In re McCune (Banc, 1882), 76 Mo. 200, 206, cited by the Commissioner of Finance, involved the rights of secured creditors having demands of the fifth class against a decedent's insolvent estate, said creditors having converted their securities into cash in the interim between the allowance of the claims and the order of distribution. The court, insofar as it there explicitly ruled, applied the Maryland rule, stating: "After this application of the partial payments has been made, in accordance with a very familiar rule, the demand thus reduced is to take rank and receive its dividend arising from insufficient assets, just as any other demand of equal amount, and be entitled to a similar pro rata payment." The case clearly pivots on then existing statutes. [Sec. 29, p. 105, and Sec. 11, p. 109, 1 Wag. St. 1872; now Secs. 208 and 225, respectively, R.S. 1929, Mo. Stat. Ann., pp. 135, 147.] The statutory provision (Sec. 189, R.S. 1929, Mo. Stat. Ann., p. 121) applying, in effect, the bankruptcy rule to secured creditors of a decedent's estate, first appeared in the revision of 1889 (Sec. 190, R.S. 1889) and did not enter into the ruling of the McCune case. The "very familiar rule" upon which the McCune case is said to rest is not developed in the opinion. The issues here presented, issued resulting in a different holding by the United States Supreme Court and other courts, are not therein discussed. A reading of West v. Bank (1847), 19 Vt. 403, the only authority cited in the McCune case, discloses that the precise ruling of said Vermont *Page 570 
case does not sustain the McCune case; and, as of the date of the McCune case, the State of Vermont was committed to the chancery or equitable rule [Walker, Smith  Co. v. Barker (1854),26 Vt. 710, 714]. The McCune case is considered not controlling here.
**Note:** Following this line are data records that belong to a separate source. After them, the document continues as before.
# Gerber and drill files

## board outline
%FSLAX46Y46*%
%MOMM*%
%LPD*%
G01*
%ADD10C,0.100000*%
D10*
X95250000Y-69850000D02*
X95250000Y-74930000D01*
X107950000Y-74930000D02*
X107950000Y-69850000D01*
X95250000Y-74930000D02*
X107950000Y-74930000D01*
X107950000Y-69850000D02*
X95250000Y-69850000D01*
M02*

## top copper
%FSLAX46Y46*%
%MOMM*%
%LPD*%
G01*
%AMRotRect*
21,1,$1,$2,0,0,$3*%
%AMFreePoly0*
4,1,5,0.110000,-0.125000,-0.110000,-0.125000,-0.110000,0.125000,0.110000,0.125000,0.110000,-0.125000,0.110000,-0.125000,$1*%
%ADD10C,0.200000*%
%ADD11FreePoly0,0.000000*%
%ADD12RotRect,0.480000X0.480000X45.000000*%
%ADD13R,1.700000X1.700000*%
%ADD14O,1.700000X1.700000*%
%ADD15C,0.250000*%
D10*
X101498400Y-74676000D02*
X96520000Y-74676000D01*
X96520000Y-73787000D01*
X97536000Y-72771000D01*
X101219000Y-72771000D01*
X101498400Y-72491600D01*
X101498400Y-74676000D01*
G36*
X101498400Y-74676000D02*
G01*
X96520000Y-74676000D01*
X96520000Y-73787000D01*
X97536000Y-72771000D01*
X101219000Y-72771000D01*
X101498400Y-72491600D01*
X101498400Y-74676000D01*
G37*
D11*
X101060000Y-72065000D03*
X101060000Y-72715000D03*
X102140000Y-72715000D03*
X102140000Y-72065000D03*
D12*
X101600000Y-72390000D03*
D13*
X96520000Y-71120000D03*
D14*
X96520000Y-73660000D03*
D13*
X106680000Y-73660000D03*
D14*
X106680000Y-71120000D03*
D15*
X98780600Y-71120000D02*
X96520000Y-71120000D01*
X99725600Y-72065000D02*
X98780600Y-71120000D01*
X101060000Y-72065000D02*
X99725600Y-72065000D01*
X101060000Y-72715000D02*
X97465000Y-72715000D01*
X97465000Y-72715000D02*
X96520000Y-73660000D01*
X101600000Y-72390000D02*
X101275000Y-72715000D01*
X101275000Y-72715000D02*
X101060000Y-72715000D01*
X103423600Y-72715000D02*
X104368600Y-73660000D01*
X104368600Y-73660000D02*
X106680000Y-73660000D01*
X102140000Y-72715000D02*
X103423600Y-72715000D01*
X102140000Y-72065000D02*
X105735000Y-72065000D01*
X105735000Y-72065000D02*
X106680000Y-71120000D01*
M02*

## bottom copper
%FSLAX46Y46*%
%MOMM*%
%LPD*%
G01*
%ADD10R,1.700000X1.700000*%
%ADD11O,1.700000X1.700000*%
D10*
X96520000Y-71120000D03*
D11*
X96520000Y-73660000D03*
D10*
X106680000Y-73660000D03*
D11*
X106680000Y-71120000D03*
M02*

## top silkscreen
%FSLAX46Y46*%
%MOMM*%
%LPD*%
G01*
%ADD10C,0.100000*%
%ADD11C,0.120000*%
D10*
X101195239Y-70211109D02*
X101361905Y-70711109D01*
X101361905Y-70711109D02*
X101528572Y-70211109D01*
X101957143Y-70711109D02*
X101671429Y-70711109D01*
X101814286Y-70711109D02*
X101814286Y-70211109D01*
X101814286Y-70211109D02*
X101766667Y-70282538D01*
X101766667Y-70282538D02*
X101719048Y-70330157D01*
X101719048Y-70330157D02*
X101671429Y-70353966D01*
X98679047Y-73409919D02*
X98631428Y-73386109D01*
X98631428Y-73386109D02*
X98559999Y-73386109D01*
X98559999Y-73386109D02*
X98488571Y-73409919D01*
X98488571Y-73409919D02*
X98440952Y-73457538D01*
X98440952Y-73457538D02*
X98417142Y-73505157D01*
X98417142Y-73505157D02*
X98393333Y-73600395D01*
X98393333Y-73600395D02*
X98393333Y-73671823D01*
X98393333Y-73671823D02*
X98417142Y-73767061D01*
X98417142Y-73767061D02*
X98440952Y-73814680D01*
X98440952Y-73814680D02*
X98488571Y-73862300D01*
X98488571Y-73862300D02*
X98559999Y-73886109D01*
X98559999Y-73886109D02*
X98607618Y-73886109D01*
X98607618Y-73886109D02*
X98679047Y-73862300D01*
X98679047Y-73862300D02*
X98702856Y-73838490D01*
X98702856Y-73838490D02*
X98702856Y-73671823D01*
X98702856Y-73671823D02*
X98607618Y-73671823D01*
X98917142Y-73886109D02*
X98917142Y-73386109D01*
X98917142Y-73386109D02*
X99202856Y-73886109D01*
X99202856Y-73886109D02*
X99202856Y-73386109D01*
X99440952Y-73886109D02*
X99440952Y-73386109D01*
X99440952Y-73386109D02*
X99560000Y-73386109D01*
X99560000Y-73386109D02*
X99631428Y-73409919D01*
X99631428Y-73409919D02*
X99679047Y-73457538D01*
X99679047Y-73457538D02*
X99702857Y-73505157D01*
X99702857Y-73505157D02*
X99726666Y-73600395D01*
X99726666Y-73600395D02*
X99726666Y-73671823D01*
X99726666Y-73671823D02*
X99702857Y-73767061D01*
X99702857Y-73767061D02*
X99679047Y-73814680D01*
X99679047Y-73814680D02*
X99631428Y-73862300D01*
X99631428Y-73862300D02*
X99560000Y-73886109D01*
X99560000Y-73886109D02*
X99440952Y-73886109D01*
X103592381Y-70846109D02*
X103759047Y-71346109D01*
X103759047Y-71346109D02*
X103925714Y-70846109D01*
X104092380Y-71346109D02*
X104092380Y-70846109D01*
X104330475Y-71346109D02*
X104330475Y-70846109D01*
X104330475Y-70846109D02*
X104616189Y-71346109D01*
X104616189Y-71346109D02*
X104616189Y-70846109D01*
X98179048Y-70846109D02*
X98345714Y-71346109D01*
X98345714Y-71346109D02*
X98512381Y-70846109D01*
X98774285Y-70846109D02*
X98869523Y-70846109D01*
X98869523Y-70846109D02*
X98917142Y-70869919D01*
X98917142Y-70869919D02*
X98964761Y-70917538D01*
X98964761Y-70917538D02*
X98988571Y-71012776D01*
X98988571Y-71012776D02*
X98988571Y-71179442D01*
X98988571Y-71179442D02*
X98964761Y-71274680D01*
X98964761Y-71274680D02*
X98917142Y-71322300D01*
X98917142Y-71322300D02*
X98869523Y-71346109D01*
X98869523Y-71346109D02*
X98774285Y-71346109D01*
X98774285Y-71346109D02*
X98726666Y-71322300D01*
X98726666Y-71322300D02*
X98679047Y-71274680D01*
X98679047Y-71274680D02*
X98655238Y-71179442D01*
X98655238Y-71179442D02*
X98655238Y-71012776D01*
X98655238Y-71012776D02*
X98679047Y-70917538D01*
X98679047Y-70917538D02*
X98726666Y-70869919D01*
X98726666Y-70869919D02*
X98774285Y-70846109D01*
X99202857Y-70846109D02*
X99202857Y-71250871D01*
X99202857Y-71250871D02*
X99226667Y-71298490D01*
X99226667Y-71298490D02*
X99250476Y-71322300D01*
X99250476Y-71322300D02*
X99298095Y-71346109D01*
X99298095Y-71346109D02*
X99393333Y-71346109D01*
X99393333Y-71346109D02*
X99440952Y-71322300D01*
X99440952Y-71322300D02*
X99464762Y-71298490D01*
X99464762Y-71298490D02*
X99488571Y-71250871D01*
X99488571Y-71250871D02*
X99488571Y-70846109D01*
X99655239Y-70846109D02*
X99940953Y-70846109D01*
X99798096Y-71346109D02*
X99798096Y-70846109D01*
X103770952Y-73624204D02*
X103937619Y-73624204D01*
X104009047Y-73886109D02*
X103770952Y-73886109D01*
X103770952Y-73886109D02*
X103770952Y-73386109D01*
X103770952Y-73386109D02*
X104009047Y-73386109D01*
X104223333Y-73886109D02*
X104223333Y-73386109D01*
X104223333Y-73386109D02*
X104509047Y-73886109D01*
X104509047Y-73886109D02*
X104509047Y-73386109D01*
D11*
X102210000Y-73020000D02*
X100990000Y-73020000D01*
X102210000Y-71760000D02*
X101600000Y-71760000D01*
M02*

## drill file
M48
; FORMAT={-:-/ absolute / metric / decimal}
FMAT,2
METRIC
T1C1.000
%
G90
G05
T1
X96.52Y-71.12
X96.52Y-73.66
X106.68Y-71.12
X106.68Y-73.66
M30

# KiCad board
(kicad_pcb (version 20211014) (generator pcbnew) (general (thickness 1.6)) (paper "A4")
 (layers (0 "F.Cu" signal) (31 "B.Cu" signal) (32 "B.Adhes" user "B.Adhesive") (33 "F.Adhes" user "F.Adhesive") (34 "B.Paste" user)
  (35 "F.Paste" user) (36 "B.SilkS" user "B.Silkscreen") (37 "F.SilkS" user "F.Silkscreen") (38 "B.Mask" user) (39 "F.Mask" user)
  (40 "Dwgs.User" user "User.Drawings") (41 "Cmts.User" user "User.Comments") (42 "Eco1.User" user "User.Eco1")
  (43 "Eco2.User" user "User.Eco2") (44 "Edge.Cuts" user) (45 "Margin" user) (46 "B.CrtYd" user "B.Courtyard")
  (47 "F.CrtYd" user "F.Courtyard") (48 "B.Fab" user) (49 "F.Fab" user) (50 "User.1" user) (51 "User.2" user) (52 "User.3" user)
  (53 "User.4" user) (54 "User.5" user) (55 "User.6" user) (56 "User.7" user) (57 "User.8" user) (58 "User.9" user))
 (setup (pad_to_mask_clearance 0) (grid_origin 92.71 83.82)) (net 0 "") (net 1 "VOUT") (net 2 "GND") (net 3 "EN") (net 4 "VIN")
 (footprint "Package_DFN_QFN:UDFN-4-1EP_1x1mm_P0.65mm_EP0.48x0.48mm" (layer "F.Cu") (at 101.6 72.39)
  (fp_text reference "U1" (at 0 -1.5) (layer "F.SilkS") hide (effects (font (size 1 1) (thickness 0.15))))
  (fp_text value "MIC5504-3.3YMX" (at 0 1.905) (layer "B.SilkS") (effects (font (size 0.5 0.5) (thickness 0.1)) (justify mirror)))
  (fp_line (start 0.61 0.63) (end -0.61 0.63) (layer "F.SilkS") (width 0.12))
  (fp_line (start 0.61 -0.63) (end 0 -0.63) (layer "F.SilkS") (width 0.12))
  (pad "1" smd custom (at -0.54 -0.325) (size 0.22 0.25) (layers "F.Cu" "F.Paste" "F.Mask") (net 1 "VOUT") (zone_connect 2)
   (options (clearance outline) (anchor rect)) (primitives))
  (pad "2" smd custom (at -0.54 0.325) (size 0.22 0.25) (layers "F.Cu" "F.Paste" "F.Mask") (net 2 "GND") (zone_connect 2)
   (options (clearance outline) (anchor rect)) (primitives))
  (pad "3" smd custom (at 0.54 0.325) (size 0.22 0.25) (layers "F.Cu" "F.Paste" "F.Mask") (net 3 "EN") (zone_connect 2)
   (options (clearance outline) (anchor rect)) (primitives))
  (pad "4" smd custom (at 0.54 -0.325) (size 0.22 0.25) (layers "F.Cu" "F.Paste" "F.Mask") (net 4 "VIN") (zone_connect 2)
   (options (clearance outline) (anchor rect)) (primitives))
  (pad "5" smd rect (at 0 0 45) (size 0.48 0.48) (layers "F.Cu" "F.Paste" "F.Mask") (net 2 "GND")))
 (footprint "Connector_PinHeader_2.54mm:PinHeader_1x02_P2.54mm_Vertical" (layer "B.Cu") (at 96.52 71.12 180)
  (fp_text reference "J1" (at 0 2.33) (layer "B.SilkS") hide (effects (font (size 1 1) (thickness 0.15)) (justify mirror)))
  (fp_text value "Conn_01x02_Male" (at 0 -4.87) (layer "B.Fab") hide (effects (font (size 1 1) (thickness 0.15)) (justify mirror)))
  (pad "1" thru_hole rect (at 0 0 180) (size 1.7 1.7) (drill 1) (layers *.Cu *.Mask) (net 1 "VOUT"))
  (pad "2" thru_hole oval (at 0 -2.54 180) (size 1.7 1.7) (drill 1) (layers *.Cu *.Mask) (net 2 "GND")))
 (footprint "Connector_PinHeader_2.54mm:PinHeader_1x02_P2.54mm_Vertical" (layer "B.Cu") (at 106.68 73.66)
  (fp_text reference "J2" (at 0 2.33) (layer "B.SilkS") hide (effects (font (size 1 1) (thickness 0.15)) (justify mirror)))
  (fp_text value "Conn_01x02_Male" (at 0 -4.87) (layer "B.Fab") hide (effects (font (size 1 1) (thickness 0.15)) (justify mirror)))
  (pad "1" thru_hole rect (at 0 0) (size 1.7 1.7) (drill 1) (layers *.Cu *.Mask) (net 3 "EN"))
  (pad "2" thru_hole oval (at 0 -2.54) (size 1.7 1.7) (drill 1) (layers *.Cu *.Mask) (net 4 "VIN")))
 (gr_poly
  (pts (xy 101.4984 74.676) (xy 96.52 74.676) (xy 96.52 73.787) (xy 97.536 72.771) (xy 101.219 72.771) (xy 101.4984 72.4916)) (layer "F.Cu")
  (width 0.2) (fill solid))
 (gr_line (start 95.25 69.85) (end 95.25 74.93) (layer "Edge.Cuts") (width 0.1))
 (gr_line (start 107.95 74.93) (end 107.95 69.85) (layer "Edge.Cuts") (width 0.1))
 (gr_line (start 95.25 74.93) (end 107.95 74.93) (layer "Edge.Cuts") (width 0.1))
 (gr_line (start 107.95 69.85) (end 95.25 69.85) (layer "Edge.Cuts") (width 0.1))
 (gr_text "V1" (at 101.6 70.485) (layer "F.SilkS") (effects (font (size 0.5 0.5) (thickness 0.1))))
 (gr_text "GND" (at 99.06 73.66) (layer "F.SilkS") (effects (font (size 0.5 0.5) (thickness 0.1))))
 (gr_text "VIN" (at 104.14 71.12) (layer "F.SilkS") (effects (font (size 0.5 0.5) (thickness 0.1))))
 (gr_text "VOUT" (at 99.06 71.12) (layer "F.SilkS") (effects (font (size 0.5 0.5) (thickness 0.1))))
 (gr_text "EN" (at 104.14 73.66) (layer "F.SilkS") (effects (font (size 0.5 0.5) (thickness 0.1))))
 (segment (start 98.7806 71.12) (end 96.52 71.12) (width 0.25) (layer "F.Cu") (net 1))
 (segment (start 99.7256 72.065) (end 98.7806 71.12) (width 0.25) (layer "F.Cu") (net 1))
 (segment (start 101.06 72.065) (end 99.7256 72.065) (width 0.25) (layer "F.Cu") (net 1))
 (segment (start 101.06 72.715) (end 97.465 72.715) (width 0.25) (layer "F.Cu") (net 2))
 (segment (start 97.465 72.715) (end 96.52 73.66) (width 0.25) (layer "F.Cu") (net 2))
 (segment (start 101.6 72.39) (end 101.275 72.715) (width 0.25) (layer "F.Cu") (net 2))
 (segment (start 101.275 72.715) (end 101.06 72.715) (width 0.25) (layer "F.Cu") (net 2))
 (segment (start 103.4236 72.715) (end 104.3686 73.66) (width 0.25) (layer "F.Cu") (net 3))
 (segment (start 104.3686 73.66) (end 106.68 73.66) (width 0.25) (layer "F.Cu") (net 3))
 (segment (start 102.14 72.715) (end 103.4236 72.715) (width 0.25) (layer "F.Cu") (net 3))
 (segment (start 102.14 72.065) (end 105.735 72.065) (width 0.25) (layer "F.Cu") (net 4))
 (segment (start 105.735 72.065) (end 106.68 71.12) (width 0.25) (layer "F.Cu") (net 4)))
The State stresses United States F.  G. Co. v. Centropolis Bank (1927), 17 F.2d 913, 915 (1, 2), 918, a case applying the chancery or equitable rule to an insolvent Missouri bank. Aside from other possible factors, the court in that case, as in the McCune case, did not have before it the issues as here presented, and we likewise consider it not controlling.
Section 11469, R.S. 1929, of Ch. 72, Art. 2, entitled "Depositories of State Moneys," in so far as deemed essential, provided: "For the security of the funds deposited by the treasurer under the provision of articles 1 and 2 of this chapter the governor, attorney-general and the treasurer shall require of said selected and approved banks or banking institutions giving security for the safe-keeping and payment of said deposits a bond equal to at least twenty-five per cent of the amount of the accepted bid or bids, to be approved by the governor and attorney-general, and in addition thereto bonds of the United States, the State of Missouri, or in their discretion, the registered bonds of the City of St. Louis . . . [et cetera] to an amount at least equal in value to the amount of the deposits with such banks or banking institutions; . . . and if in any case, or at any time, such bonds are not satisfactory security to the governor and attorney-general, for the deposits made under articles 1 and 2 of this chapter, they may require such additional security to be given as shall be satisfactory to them . . .; and in the event that such bank or banks or banking institutions of deposit shall fail to pay such deposits or any part thereof, on the check or checks of the state treasurer, then it shall be the duty of the state treasurer to forthwith convert such bonds into money and disburse the same according to law . . ." [Consult also Sec. 11474, R.S. 1929, Mo. Stat. Ann., p. 7824.]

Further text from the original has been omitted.